Within the vast area of the state of New York, every variety of geographical feature is comprised, from the rich and fertile plains of the western division of the state, to the bleak and sterile mountains of the eastern and north-eastern districts. On the southeastern side, the great chain of the Alleghanies enters the state from New Jersey and Pennsylvania-the range from the first-named crossing the Hudson at West Point, about fifty miles from the sea, and forming the highlands of that river; their picturesque and romantic scenery imparting an interest to its banks, only second to that inspired by the historic and traditional associations of the Rhine. After passing the Hudson, the range, under the name of the Taconic Mountains, pursues a northerly course, to join the Green Mountains in Connecticut and Massachusetts. The highest summit of the chain is | Round-Top, in Green County, 3,804 feet in altitude. The grandest chain, or rather range and group of mountains, lies north of the Mohawk river, between Lake Ontario on the west, and Lakes Champlain and George on the east.

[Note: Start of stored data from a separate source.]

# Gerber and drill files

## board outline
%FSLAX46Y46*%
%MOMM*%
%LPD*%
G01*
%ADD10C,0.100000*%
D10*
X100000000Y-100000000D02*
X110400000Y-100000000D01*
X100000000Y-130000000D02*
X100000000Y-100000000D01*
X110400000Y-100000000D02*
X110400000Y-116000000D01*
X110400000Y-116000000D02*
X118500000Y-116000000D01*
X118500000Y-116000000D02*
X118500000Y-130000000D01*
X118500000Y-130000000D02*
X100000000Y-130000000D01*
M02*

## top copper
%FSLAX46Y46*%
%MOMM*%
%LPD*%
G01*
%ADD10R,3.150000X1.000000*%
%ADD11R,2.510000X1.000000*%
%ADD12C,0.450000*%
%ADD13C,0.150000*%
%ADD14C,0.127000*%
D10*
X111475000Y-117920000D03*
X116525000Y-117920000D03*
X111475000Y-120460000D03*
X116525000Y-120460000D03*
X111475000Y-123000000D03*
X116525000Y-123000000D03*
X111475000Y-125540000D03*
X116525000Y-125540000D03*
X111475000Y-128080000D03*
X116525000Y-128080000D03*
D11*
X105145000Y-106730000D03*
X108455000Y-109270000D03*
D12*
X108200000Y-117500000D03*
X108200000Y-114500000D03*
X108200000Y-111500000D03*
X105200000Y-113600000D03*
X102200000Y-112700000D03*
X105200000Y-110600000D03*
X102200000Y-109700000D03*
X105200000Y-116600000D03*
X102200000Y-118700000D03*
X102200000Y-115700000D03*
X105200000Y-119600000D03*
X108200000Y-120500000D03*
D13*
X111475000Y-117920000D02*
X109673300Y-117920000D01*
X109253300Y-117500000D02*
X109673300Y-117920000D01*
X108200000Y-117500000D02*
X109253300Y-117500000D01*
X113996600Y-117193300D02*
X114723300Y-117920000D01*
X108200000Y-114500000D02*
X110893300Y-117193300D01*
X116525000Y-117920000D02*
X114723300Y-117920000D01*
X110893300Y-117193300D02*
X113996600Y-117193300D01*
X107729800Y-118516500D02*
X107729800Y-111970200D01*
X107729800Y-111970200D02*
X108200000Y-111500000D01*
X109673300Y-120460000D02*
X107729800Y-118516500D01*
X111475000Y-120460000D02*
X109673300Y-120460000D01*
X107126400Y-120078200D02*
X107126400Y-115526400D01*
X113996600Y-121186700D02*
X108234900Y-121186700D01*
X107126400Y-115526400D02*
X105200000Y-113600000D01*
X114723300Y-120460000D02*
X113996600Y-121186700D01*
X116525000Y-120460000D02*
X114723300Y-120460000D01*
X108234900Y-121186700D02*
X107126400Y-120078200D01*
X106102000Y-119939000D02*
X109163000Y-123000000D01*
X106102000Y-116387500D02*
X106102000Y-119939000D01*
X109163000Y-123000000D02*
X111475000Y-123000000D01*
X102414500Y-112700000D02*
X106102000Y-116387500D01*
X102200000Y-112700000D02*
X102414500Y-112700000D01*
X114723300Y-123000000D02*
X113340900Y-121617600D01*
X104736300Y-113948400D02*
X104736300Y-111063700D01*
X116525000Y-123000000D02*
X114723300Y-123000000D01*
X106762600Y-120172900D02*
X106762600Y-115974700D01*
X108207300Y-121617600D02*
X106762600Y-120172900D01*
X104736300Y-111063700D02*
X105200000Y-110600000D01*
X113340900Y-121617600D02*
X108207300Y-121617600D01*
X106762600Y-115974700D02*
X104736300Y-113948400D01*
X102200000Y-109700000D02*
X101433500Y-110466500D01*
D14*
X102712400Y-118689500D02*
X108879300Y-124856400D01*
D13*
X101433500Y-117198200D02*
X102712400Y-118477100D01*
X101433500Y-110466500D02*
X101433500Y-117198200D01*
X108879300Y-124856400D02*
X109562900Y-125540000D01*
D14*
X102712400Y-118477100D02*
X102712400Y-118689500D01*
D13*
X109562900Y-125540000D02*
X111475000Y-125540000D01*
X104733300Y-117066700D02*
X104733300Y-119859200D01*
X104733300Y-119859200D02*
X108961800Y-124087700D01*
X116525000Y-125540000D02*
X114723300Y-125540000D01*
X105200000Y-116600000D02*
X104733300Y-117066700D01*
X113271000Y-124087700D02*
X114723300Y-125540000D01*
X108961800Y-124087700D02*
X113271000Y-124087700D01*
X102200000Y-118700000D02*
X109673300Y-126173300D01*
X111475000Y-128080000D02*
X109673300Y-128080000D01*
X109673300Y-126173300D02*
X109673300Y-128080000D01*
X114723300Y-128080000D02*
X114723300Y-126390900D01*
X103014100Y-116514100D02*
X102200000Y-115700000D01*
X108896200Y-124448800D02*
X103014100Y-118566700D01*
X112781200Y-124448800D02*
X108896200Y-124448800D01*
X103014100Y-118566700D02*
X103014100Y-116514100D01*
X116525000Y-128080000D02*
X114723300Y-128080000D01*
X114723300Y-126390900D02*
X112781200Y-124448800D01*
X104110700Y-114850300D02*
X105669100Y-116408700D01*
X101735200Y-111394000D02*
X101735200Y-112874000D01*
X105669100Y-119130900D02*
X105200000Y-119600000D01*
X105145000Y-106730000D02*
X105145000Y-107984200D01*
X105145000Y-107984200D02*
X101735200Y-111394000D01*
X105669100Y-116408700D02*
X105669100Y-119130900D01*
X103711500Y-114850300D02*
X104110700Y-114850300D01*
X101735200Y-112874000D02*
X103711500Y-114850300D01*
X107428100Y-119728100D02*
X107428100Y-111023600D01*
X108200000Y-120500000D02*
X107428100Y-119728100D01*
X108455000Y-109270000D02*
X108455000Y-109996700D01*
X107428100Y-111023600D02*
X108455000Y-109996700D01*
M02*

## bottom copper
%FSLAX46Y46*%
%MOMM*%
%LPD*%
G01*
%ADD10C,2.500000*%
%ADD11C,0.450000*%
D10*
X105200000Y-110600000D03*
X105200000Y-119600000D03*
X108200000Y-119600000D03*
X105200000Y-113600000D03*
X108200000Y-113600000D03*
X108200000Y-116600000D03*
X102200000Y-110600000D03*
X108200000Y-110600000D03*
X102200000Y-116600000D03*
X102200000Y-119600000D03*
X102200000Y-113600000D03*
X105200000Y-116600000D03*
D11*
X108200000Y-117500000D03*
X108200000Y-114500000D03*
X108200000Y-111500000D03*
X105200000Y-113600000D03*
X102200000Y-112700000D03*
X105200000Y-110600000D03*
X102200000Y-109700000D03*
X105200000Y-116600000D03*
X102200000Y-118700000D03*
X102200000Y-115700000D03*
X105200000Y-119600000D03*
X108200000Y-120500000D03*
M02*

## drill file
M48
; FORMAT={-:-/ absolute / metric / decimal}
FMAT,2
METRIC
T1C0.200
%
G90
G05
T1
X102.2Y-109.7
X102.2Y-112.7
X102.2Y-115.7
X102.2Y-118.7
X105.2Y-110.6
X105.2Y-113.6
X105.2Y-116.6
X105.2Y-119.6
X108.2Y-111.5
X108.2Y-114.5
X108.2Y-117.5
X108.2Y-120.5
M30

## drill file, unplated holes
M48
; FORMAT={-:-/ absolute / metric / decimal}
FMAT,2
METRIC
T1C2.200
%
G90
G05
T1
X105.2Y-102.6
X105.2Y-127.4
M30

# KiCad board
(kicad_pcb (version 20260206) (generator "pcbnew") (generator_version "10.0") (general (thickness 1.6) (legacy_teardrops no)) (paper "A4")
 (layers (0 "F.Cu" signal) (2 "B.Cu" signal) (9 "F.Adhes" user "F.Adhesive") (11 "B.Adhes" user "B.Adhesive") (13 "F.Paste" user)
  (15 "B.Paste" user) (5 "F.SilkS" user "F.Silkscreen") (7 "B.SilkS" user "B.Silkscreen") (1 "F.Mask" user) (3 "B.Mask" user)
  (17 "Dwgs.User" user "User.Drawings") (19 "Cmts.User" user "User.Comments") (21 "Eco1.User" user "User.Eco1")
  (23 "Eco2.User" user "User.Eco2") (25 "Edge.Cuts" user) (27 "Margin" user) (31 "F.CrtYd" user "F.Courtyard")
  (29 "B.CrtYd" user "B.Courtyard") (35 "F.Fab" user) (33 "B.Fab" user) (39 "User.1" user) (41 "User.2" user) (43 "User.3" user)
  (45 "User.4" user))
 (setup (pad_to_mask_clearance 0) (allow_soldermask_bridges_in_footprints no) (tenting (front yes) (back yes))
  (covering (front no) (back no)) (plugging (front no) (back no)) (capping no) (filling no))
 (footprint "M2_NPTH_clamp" (layer "F.Cu") (at 105.2 102.6)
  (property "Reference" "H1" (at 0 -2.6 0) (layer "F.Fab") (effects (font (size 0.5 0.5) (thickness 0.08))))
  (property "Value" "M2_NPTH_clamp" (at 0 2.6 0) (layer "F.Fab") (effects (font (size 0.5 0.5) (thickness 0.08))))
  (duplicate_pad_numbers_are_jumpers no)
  (pad "" np_thru_hole circle (at 0 0) (size 2.2 2.2) (drill 2.2) (layers "*.Cu" "*.Mask")))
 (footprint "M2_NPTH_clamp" (layer "F.Cu") (at 105.2 127.4)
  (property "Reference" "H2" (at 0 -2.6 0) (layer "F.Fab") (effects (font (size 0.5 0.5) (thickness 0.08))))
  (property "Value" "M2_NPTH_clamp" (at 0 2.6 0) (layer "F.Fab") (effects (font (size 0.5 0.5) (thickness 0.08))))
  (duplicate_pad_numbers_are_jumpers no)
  (pad "" np_thru_hole circle (at 0 0) (size 2.2 2.2) (drill 2.2) (layers "*.Cu" "*.Mask")))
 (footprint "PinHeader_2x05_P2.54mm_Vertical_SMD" (layer "F.Cu") (at 114 123)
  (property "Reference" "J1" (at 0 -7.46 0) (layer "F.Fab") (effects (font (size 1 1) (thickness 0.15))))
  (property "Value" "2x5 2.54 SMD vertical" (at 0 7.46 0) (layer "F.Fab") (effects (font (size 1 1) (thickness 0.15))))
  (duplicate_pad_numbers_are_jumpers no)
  (pad "1" smd rect (at -2.525 -5.08) (size 3.15 1) (layers "F.Cu" "F.Mask" "F.Paste") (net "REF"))
  (pad "2" smd rect (at 2.525 -5.08) (size 3.15 1) (layers "F.Cu" "F.Mask" "F.Paste") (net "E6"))
  (pad "3" smd rect (at -2.525 -2.54) (size 3.15 1) (layers "F.Cu" "F.Mask" "F.Paste") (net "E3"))
  (pad "4" smd rect (at 2.525 -2.54) (size 3.15 1) (layers "F.Cu" "F.Mask" "F.Paste") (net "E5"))
  (pad "5" smd rect (at -2.525 0) (size 3.15 1) (layers "F.Cu" "F.Mask" "F.Paste") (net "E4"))
  (pad "6" smd rect (at 2.525 0) (size 3.15 1) (layers "F.Cu" "F.Mask" "F.Paste") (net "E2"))
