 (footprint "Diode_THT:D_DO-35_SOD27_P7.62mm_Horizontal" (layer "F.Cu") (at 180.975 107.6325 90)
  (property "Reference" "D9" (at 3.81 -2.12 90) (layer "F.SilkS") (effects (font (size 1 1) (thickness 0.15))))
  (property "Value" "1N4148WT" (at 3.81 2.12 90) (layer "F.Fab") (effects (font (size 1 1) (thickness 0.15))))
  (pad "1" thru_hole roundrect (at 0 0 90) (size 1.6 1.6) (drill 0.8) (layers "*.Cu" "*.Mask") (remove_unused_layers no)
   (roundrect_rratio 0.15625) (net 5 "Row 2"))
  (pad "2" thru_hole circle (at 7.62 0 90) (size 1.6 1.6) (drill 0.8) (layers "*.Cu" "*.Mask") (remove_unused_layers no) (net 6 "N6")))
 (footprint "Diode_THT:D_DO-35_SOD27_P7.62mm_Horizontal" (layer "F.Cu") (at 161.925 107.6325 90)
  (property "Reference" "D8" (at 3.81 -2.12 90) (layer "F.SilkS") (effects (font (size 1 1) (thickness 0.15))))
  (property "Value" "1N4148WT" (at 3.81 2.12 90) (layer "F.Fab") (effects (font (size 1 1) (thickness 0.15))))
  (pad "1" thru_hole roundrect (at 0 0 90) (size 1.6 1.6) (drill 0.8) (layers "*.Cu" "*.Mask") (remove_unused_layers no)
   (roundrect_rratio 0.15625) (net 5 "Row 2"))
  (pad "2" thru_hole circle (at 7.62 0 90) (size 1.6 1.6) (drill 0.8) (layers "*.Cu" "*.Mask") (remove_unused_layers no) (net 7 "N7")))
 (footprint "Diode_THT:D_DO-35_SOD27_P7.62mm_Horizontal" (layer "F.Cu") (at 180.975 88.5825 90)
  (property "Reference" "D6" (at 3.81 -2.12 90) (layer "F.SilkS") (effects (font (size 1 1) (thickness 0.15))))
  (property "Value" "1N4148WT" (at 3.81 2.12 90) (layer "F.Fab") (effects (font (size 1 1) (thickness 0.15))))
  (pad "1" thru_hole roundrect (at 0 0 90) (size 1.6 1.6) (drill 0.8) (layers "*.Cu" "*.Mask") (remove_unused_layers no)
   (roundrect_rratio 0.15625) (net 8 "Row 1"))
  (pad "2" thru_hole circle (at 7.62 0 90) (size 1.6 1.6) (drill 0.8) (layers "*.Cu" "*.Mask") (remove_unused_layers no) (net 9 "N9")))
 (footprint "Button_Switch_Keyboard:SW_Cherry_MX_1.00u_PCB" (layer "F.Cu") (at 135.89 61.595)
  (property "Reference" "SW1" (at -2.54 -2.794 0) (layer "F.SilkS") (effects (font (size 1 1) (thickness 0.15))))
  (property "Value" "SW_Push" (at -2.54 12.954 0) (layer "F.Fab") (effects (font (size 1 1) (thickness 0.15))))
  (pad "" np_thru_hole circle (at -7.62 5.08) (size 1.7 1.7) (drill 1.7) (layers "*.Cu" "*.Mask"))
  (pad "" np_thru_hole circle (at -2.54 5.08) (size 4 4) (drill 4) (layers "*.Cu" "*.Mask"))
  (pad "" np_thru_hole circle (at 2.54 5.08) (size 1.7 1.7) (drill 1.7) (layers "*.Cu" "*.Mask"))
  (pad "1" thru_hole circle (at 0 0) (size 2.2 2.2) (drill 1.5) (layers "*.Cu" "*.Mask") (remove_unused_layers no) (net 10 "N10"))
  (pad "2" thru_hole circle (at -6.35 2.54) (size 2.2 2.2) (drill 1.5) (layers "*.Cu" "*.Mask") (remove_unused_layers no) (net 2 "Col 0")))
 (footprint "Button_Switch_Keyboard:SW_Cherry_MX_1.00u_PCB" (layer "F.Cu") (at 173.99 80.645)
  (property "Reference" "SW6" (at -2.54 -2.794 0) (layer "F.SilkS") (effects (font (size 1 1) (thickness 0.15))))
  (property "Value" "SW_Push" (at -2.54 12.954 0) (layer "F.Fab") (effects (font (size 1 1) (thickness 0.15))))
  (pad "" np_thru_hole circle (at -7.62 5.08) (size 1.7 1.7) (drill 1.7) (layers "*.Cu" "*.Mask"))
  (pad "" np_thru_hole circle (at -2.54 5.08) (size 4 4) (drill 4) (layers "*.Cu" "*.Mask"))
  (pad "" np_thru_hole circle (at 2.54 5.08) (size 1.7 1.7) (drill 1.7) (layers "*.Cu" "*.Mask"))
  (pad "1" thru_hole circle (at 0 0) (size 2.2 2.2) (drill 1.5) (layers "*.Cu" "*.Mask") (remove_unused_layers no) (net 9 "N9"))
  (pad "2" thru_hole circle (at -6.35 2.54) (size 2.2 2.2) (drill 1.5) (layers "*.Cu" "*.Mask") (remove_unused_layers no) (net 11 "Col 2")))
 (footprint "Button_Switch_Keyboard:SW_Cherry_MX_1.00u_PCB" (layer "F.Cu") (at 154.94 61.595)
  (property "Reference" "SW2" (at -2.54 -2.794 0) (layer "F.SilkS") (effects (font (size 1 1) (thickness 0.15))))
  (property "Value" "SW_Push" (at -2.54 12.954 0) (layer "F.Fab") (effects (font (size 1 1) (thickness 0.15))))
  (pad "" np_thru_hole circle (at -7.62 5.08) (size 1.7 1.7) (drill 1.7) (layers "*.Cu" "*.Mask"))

This state is considered to possess a greater extent of navigable waters than any other of the Union. On its eastern side the Hudson traverses the country for about 350 miles, 150 of which are navigable for large steamers, and 120 for ships of large burthen. On the north-east it has the Lake Champlain, navigable for 120 miles; and on the west and south-west are Lakes Erie and Ontario, and the river St. Lawrence—all navigable for large steamers. In the south-east of the state rises the Delaware; and, in the interior, the Susquehanna, which passes south into Pennsylvania, and, in the high floods of spring and autumn, floats down the lumber and other products of New York, to the markets of New Jersey, Maryland, and Pennsylvania. The other rivers and lakes of the district are the Genesee, the Oswego, the Black river, and the Oswegatchie, Grass, Racket, and Regis rivers-the four latter being each about 150 miles in length, and joining the St. Lawrence. The Saranac and Au Sable rivers empty themselves into Lake Champlain; the whole of the rivers named being in the north-east of the state. The Mohawk, an affluent of the Hudson, about 160 miles in length, drains the central counties of castern New York, which abounds in small and picturesque lakes;-having, on the east, Lake George; and, in the centre, Lakes Oneida, Skaneateles, Owasco, Cayuga, Seneca, Crooked, and Canandaigua; in the south-west, Chautauque; and in the north-east, Black, Saranac, and Long Lakes. The larger of these lakes vary in length from ten to thirty-eight miles. The principal bays are New York Bay, opening into the Atlantic, and Sacket's Harbour, at the east end of Lake Ontario. Long Island Sound, 120 miles long, separates the island from Connecticut.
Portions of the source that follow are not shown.